World's largest whisky bottle sold for $1.4 million at auction
According to Lyon and Turnbull, the world's largest whiskey bottle, dubbed "The Intrepid," has sold for around $1.4 million. In September 2021, the bottle was awarded the Guinness World Record for its height of 5 feet 11 inches. It holds 311 liters, which is equivalent to 444 standard bottles, or enough for 5,287 whiskey sours with 2 ounces of whiskey each.
"The Intrepid project has been an adventure from the start," said Daniel Monk, the founder of the project. "I started contacting explorers during lockdown to get them on board and found people who could make and fill the largest bottle of Scotch whisky, and together we have achieved the dream," he added while explaining his project journey during the COVID-19 lockdown.
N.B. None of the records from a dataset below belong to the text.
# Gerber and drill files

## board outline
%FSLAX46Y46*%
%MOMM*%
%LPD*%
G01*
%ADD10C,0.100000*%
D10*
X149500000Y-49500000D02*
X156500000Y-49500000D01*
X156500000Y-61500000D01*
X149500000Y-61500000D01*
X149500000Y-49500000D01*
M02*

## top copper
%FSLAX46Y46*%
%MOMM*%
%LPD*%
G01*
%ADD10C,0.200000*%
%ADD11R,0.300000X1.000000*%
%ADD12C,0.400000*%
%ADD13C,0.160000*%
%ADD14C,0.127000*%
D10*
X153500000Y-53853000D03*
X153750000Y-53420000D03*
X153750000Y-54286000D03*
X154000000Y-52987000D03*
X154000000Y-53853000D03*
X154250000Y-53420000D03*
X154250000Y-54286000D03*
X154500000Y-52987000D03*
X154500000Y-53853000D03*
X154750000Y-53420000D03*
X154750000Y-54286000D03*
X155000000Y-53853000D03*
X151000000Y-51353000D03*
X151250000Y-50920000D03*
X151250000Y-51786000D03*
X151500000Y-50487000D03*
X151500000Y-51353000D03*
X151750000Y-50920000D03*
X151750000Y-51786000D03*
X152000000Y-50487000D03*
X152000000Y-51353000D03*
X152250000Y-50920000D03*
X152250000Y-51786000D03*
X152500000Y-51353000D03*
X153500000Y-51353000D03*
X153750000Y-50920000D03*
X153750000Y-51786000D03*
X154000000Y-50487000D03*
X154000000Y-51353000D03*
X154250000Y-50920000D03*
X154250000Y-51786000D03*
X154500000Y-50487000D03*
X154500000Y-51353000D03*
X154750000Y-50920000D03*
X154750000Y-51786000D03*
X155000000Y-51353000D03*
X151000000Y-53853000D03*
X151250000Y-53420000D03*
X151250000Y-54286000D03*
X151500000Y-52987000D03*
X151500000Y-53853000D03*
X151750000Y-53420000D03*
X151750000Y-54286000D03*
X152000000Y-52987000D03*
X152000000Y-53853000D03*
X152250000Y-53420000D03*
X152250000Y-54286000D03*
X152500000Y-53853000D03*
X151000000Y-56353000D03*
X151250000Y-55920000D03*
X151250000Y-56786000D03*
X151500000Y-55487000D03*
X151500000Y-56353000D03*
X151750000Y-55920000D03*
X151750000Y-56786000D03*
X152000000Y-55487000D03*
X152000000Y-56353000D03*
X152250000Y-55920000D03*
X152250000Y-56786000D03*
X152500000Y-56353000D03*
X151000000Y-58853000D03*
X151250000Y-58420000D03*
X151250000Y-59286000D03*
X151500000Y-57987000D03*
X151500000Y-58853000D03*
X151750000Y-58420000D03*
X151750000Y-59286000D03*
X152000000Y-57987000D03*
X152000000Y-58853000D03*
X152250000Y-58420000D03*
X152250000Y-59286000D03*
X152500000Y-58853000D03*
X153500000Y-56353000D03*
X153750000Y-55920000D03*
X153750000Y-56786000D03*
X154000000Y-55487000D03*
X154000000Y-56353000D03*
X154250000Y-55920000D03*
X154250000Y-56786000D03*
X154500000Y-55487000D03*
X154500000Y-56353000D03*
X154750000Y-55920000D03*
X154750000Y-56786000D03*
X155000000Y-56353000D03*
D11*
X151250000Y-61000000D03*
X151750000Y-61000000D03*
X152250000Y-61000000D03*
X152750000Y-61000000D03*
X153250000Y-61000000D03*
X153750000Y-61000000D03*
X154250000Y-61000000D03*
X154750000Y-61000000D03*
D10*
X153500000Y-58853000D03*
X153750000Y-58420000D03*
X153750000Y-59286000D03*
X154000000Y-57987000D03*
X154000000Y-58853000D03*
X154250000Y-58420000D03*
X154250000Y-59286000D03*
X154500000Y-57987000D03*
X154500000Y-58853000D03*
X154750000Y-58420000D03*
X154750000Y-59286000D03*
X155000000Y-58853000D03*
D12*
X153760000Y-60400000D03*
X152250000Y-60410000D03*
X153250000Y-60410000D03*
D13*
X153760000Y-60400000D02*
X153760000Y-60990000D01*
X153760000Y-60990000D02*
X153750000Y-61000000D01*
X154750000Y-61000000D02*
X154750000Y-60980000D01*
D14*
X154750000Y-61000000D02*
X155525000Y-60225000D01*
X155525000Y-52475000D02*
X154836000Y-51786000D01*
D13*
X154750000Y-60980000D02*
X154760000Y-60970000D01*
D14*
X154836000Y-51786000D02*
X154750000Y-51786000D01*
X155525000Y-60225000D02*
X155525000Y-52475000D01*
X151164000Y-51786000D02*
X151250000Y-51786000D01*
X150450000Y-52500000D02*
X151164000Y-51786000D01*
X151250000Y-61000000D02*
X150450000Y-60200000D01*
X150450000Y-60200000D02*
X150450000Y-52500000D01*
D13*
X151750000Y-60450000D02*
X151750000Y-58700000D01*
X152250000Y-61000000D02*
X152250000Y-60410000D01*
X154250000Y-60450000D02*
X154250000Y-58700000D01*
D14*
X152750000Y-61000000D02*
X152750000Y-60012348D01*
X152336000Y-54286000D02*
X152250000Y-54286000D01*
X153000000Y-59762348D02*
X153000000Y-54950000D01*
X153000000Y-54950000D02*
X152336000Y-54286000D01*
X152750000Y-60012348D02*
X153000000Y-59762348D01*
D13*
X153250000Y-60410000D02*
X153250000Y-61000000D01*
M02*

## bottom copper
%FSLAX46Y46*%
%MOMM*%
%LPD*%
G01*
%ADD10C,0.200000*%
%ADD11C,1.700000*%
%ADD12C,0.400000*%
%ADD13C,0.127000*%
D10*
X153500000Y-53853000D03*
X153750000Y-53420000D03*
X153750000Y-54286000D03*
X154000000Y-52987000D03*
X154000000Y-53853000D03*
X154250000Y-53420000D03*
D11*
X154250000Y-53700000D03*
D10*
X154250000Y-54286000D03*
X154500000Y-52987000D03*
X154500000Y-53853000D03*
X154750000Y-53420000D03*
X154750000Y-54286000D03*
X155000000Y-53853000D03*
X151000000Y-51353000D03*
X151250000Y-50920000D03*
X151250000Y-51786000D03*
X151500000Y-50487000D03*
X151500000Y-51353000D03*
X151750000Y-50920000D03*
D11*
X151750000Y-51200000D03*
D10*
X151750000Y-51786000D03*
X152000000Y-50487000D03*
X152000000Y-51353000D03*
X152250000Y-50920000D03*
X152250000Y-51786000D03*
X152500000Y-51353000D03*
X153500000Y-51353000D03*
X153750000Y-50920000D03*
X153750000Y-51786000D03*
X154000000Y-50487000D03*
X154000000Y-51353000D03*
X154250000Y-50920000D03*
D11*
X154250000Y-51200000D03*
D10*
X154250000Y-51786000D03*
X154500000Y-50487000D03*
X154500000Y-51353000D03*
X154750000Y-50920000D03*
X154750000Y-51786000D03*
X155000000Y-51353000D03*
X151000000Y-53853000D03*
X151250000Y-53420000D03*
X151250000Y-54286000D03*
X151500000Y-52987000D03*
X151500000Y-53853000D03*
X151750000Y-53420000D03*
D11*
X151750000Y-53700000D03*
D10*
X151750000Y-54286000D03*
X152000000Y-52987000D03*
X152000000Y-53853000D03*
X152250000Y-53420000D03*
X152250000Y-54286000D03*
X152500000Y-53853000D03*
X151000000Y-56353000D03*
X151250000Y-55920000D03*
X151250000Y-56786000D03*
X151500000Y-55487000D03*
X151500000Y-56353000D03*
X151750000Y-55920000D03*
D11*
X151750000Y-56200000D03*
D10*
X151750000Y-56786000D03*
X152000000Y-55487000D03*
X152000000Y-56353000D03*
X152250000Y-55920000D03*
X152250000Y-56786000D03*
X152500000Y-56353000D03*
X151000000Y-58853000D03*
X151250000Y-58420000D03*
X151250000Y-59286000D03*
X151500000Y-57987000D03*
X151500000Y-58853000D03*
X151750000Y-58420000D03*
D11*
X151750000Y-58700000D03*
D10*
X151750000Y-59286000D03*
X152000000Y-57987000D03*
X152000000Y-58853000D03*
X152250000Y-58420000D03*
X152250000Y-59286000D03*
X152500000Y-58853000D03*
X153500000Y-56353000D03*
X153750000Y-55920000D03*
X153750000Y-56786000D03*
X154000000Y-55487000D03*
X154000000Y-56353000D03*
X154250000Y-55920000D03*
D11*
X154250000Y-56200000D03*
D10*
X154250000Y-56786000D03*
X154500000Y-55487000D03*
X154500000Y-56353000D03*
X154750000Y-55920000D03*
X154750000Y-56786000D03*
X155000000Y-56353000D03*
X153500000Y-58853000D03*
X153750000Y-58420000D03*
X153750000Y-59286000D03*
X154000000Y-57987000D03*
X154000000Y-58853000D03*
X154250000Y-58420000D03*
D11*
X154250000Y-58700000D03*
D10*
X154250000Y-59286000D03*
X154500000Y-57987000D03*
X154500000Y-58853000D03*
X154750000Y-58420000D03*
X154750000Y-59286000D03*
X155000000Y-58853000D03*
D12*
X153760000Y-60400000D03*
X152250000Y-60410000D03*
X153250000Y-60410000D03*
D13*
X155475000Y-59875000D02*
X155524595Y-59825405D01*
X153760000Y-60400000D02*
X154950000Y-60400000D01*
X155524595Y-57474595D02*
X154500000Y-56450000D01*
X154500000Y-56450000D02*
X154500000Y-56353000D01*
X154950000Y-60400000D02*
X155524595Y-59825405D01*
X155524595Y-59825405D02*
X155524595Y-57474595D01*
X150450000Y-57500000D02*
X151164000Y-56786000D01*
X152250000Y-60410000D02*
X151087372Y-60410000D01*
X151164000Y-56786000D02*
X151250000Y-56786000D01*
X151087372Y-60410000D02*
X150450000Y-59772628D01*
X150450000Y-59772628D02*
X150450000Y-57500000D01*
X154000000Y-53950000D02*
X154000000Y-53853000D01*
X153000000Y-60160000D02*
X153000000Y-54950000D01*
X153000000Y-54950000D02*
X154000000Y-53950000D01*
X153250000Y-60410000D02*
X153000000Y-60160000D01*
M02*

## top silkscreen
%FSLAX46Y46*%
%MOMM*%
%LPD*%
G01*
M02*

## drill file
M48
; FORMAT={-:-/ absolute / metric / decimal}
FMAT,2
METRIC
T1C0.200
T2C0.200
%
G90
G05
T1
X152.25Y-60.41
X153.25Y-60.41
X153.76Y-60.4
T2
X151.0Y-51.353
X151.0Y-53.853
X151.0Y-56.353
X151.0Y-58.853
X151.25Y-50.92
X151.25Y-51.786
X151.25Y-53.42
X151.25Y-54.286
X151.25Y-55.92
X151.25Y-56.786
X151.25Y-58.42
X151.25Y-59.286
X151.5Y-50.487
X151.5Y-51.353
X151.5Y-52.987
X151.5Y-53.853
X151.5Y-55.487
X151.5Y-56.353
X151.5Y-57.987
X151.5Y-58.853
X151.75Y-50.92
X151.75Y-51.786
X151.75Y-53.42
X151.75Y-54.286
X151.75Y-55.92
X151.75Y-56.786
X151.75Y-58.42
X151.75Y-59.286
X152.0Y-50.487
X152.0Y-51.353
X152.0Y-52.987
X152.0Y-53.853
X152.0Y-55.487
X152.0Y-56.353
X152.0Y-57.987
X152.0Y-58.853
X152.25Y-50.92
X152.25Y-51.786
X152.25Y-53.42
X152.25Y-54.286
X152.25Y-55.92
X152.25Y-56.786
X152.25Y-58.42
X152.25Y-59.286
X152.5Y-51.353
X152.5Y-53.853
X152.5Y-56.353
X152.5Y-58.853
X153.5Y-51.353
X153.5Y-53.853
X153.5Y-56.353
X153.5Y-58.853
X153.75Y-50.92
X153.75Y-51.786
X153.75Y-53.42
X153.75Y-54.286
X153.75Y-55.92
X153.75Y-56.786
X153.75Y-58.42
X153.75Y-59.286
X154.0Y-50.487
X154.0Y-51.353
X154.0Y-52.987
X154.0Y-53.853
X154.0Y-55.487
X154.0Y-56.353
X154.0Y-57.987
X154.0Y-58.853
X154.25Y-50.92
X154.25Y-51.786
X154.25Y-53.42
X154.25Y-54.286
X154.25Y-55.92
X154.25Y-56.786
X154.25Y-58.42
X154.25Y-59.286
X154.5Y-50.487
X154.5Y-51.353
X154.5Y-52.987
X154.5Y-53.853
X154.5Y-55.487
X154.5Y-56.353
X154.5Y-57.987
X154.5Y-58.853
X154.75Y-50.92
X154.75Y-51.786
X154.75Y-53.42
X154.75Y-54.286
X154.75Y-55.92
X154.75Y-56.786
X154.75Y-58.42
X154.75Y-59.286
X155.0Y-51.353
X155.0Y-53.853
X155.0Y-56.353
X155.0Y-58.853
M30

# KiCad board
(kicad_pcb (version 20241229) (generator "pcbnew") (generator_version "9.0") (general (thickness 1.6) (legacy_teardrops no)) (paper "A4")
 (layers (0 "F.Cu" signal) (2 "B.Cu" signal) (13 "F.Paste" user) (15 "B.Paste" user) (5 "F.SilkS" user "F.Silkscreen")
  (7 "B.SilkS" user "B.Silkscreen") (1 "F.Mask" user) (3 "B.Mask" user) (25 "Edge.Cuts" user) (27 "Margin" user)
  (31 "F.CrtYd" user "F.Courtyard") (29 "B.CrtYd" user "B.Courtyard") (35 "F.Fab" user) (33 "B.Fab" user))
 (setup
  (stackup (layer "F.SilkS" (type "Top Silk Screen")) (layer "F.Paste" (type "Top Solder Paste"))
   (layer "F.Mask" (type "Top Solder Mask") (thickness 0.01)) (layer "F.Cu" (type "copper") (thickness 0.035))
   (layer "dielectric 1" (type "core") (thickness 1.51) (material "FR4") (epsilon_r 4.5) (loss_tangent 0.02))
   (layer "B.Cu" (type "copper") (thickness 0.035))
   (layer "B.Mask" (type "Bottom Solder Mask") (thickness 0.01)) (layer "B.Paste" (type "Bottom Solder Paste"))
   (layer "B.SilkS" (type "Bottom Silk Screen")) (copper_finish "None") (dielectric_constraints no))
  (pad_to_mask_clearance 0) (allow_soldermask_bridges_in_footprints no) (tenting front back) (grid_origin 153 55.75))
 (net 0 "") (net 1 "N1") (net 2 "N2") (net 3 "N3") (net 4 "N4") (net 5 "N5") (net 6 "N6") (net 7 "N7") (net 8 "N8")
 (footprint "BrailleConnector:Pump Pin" (layer "F.Cu") (at 154.25 53.7)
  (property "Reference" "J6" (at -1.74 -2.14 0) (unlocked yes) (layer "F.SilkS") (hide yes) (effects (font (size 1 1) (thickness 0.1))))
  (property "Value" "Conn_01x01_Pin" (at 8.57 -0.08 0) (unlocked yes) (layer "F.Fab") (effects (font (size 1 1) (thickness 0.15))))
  (pad "1" thru_hole circle (at -0.75 0.153) (size 0.2 0.2) (drill 0.2) (layers "*.Cu" "*.Mask") (remove_unused_layers no) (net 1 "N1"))
  (pad "1" thru_hole circle (at -0.5 -0.28) (size 0.2 0.2) (drill 0.2) (layers "*.Cu" "*.Mask") (remove_unused_layers no) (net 1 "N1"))
  (pad "1" thru_hole circle (at -0.5 0.586) (size 0.2 0.2) (drill 0.2) (layers "*.Cu" "*.Mask") (remove_unused_layers no) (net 1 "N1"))
  (pad "1" thru_hole circle (at -0.25 -0.713) (size 0.2 0.2) (drill 0.2) (layers "*.Cu" "*.Mask") (remove_unused_layers no) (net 1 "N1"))
  (pad "1" thru_hole circle (at -0.25 0.153) (size 0.2 0.2) (drill 0.2) (layers "*.Cu" "*.Mask") (remove_unused_layers no) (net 1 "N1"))
  (pad "1" thru_hole circle (at 0 -0.28) (size 0.2 0.2) (drill 0.2) (layers "*.Cu" "*.Mask") (remove_unused_layers no) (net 1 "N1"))
  (pad "1" smd circle (at 0 0) (size 1.7 1.7) (layers "B.Cu" "B.Mask") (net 1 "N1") (solder_mask_margin 0) (solder_paste_margin 0)
   (clearance 0))
  (pad "1" thru_hole circle (at 0 0.586) (size 0.2 0.2) (drill 0.2) (layers "*.Cu" "*.Mask") (remove_unused_layers no) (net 1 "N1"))
  (pad "1" thru_hole circle (at 0.25 -0.713) (size 0.2 0.2) (drill 0.2) (layers "*.Cu" "*.Mask") (remove_unused_layers no) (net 1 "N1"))
  (pad "1" thru_hole circle (at 0.25 0.153) (size 0.2 0.2) (drill 0.2) (layers "*.Cu" "*.Mask") (remove_unused_layers no) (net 1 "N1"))
  (pad "1" thru_hole circle (at 0.5 -0.28) (size 0.2 0.2) (drill 0.2) (layers "*.Cu" "*.Mask") (remove_unused_layers no) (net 1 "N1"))
  (pad "1" thru_hole circle (at 0.5 0.586) (size 0.2 0.2) (drill 0.2) (layers "*.Cu" "*.Mask") (remove_unused_layers no) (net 1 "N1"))
  (pad "1" thru_hole circle (at 0.75 0.153) (size 0.2 0.2) (drill 0.2) (layers "*.Cu" "*.Mask") (remove_unused_layers no) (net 1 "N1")))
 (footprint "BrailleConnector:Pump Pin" (layer "F.Cu") (at 151.75 51.2)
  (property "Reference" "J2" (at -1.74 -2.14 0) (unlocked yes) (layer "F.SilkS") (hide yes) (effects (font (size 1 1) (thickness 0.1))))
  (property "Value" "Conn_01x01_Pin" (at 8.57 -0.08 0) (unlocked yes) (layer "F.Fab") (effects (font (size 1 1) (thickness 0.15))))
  (pad "1" thru_hole circle (at -0.75 0.153) (size 0.2 0.2) (drill 0.2) (layers "*.Cu" "*.Mask") (remove_unused_layers no) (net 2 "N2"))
The liquor is basically a 1989 Macallan single malt and has been aged in oak casks for 32 years before being bottled in 2021 at Macallan's Scotland distillery. According to the auction house, it's pale gold in color and has a sweet flavor with apple notes. According to Lyon and Turnbull, it was sold to an "international collector" on Wednesday.
However, at $1.4 million, the price of the Intrepid is not exactly a world record for a bottle of liquor. In November 2018, a standard-sized bottle of Macallan, packed in 1986 after 60 years of maturation, was sold for $1.5 million.
The Intrepid project was a partnership between Fah Mai, an investment company based in Thailand, and Rosewin Holdings, a company based in London that invests in whiskey and other alcoholic beverages. The bottle, titled 'The Intrepid', is adorned with the facial images of 11 explorers and was designed by a group of whisky connoisseurs and exploration enthusiasts.
According to the auction house, the project's founder, Daniel Monk, was influenced by his father's "passion for adventure and exploration." Eleven explorers, such as Ranulph Fiennes and Robin Knox-Johnston, are featured on the bottle's label. According to Lyon Turnbull, the proceeds from the auction will benefit several charitable organizations, including Marie Curie and the Campaign Against Living Miserably (CALM).